2011 Dynamic Systems and Control Conference

Professor H. Harry Asada

Professor and Director of the Brit and Alex d’Arbeloff Laboratory for Information Systems and Technology

Massachusetts Institute of Technology

Abstract: Biological systems are metaphors for robotics and the source of inspiration. From manipulation and locomotion to autonomy and emergent behaviors, robotics has been concerned with a rich variety of advanced functionality, all originated in biological inspiration. Roboticians abstract biological functionality, model and analyze it based on first principles, and build a machine that mimics that functionality. Robotics has been a vibrant research area for the last 50 years by assimilating new technologies and diverse disciplines. In parallel with the expansion of robotics, biology, too, has shown tremendous progress over the last 50 years. Molecular and cellular mechanisms, once treated totally as a black-box, are now better understood, and some of the mechanisms can be altered, and even guided towards our desired functionality. The rapid progress of engineering biological systems now allows us to use live cells and microbes as components of a machine. This technology is now having transformative impacts upon robotics; bio-integrated robotics aims to integrate live biological components into an advanced machine, which goes well beyond the paradigm of bio-mimetics.

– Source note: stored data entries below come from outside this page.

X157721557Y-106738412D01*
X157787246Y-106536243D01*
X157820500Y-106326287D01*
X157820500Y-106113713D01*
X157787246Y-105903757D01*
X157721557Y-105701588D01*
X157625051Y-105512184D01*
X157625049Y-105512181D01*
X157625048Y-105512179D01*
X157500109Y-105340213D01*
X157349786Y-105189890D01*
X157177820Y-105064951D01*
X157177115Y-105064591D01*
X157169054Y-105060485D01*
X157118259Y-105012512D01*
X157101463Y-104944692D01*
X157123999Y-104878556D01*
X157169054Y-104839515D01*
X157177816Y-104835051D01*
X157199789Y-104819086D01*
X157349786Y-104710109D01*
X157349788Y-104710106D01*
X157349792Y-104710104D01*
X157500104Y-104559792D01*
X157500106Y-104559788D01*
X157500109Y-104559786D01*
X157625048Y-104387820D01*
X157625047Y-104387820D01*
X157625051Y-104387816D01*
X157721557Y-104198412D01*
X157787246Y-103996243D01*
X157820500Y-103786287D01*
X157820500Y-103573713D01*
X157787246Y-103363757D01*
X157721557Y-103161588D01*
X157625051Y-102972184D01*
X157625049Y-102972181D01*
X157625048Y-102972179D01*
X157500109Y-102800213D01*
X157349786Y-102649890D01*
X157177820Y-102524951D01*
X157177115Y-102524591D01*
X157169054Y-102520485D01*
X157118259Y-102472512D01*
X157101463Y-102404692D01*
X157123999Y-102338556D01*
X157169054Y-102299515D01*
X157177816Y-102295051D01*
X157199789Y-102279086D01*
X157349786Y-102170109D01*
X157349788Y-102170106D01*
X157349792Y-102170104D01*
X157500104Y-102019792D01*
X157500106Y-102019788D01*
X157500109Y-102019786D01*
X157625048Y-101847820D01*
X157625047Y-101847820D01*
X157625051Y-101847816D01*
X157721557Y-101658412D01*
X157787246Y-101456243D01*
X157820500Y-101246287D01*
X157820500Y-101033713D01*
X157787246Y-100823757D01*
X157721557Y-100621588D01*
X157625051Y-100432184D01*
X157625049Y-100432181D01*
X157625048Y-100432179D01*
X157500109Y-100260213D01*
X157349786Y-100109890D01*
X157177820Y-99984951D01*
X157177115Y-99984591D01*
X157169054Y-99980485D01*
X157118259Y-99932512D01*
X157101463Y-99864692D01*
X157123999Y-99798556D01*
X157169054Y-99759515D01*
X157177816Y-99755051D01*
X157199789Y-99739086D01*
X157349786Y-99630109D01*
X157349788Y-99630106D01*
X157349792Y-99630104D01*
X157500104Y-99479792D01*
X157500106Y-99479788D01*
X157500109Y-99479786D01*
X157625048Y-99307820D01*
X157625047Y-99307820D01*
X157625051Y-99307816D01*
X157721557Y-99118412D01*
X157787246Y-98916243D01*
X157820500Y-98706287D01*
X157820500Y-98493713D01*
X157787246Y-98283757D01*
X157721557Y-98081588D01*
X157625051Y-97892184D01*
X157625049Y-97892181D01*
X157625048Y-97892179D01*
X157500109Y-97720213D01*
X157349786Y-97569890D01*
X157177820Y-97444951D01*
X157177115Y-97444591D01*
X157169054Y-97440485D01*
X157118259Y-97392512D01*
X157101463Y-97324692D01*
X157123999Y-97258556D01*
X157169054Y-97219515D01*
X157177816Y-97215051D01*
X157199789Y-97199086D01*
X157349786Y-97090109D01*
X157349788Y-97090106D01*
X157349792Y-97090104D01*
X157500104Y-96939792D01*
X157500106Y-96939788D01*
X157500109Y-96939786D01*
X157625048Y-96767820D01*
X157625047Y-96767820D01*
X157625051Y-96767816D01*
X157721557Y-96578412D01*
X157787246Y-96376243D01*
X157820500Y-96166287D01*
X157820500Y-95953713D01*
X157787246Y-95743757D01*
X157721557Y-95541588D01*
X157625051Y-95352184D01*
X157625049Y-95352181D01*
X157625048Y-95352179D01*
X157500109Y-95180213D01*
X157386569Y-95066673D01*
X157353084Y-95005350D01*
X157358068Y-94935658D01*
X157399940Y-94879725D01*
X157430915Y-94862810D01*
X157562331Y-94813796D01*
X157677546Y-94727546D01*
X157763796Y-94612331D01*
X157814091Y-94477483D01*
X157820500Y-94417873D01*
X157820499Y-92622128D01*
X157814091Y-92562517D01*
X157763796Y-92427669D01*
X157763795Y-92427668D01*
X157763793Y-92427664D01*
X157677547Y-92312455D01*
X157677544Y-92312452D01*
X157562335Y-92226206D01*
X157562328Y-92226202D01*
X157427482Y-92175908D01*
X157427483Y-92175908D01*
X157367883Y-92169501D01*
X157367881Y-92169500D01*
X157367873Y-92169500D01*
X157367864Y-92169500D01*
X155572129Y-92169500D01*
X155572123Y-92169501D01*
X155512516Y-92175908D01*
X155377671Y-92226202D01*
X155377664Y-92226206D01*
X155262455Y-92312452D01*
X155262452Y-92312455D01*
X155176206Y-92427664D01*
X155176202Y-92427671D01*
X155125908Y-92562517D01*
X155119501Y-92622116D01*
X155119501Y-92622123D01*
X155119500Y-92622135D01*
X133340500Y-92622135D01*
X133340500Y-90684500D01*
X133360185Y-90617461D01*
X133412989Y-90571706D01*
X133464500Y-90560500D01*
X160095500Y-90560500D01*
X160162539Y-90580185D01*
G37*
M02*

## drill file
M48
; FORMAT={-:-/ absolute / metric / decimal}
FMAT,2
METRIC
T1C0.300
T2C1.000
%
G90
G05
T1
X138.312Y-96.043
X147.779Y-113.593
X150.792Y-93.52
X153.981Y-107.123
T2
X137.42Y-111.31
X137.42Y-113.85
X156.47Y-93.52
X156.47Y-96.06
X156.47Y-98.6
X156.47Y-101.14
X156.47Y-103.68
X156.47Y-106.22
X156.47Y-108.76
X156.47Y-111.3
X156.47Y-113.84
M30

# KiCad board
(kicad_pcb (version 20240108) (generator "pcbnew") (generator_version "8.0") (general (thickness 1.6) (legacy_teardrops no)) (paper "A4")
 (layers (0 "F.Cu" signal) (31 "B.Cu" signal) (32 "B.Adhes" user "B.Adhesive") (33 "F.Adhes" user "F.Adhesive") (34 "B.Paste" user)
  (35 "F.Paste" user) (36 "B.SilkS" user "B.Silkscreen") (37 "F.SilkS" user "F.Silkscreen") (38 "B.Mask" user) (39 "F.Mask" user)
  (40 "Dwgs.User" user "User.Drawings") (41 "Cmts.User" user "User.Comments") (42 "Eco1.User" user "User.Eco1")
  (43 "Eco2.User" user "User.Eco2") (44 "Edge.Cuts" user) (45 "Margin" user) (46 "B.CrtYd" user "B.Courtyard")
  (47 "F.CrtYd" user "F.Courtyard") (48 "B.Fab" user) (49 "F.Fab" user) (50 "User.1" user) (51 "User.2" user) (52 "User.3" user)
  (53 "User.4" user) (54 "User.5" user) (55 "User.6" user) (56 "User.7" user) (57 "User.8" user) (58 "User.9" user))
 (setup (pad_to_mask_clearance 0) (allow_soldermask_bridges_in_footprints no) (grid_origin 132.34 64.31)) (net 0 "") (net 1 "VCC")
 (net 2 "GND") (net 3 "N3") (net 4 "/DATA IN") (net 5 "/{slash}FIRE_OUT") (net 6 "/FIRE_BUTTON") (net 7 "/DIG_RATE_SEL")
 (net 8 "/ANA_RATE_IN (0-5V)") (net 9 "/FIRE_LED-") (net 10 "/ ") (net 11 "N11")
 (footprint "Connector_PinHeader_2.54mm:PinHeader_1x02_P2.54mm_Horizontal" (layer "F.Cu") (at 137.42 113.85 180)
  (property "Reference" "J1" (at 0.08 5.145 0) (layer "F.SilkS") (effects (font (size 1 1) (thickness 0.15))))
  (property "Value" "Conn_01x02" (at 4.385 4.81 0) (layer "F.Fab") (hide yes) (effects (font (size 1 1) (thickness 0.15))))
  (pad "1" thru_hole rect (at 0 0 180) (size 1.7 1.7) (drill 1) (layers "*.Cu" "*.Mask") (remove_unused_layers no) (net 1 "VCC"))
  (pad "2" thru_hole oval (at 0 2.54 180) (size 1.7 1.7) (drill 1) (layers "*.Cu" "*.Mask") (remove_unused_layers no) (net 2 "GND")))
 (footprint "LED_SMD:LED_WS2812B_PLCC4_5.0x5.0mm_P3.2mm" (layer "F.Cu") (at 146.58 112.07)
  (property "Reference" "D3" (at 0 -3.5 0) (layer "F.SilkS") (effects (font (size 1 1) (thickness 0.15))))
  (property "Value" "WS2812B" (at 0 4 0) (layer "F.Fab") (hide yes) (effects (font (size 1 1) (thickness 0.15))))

In this talk, a brief history of bio-robotics will be presented in conjunction with the speaker’s personal history of robotics research. Starting with manipulation science in the 70s and 80s focusing on grasp stability, fixturing, and assembly, the speaker has been fascinated by human manipulative skills and biological functionality. He pursued muscle-like actuators, including direct-drive and cellular actuators, and most recently has arrived at bio-artificial muscles, i.e. actuators using live muscle cells. In his journey from bio-mimetics to bio-integrated robotics, the disciplinary foundation has been extended from Lagrangian and Hamiltonian mechanics to cell biology, while the discipline of system dynamics and control has played the pivotal role in linking first principles to functional outcomes and synthesizing robotic machines. Bio-integrated robotics poses numerous challenges in analyzing and synthesizing bio-integrated systems, setting new frontiers of system dynamics and control. Recent works on modeling and control of myogenesis, angiogenesis, and molecular signaling processes exemplify the system dynamics and control challenges. Time delay and nonlinearity as well as emergent behaviors and complexity are critical issues in engineering bio-integrated robots. Such dynamics and control studies will contribute to better understanding behaviors of cells and microbes, from which novel designs and new functionality may be conceived for future robots.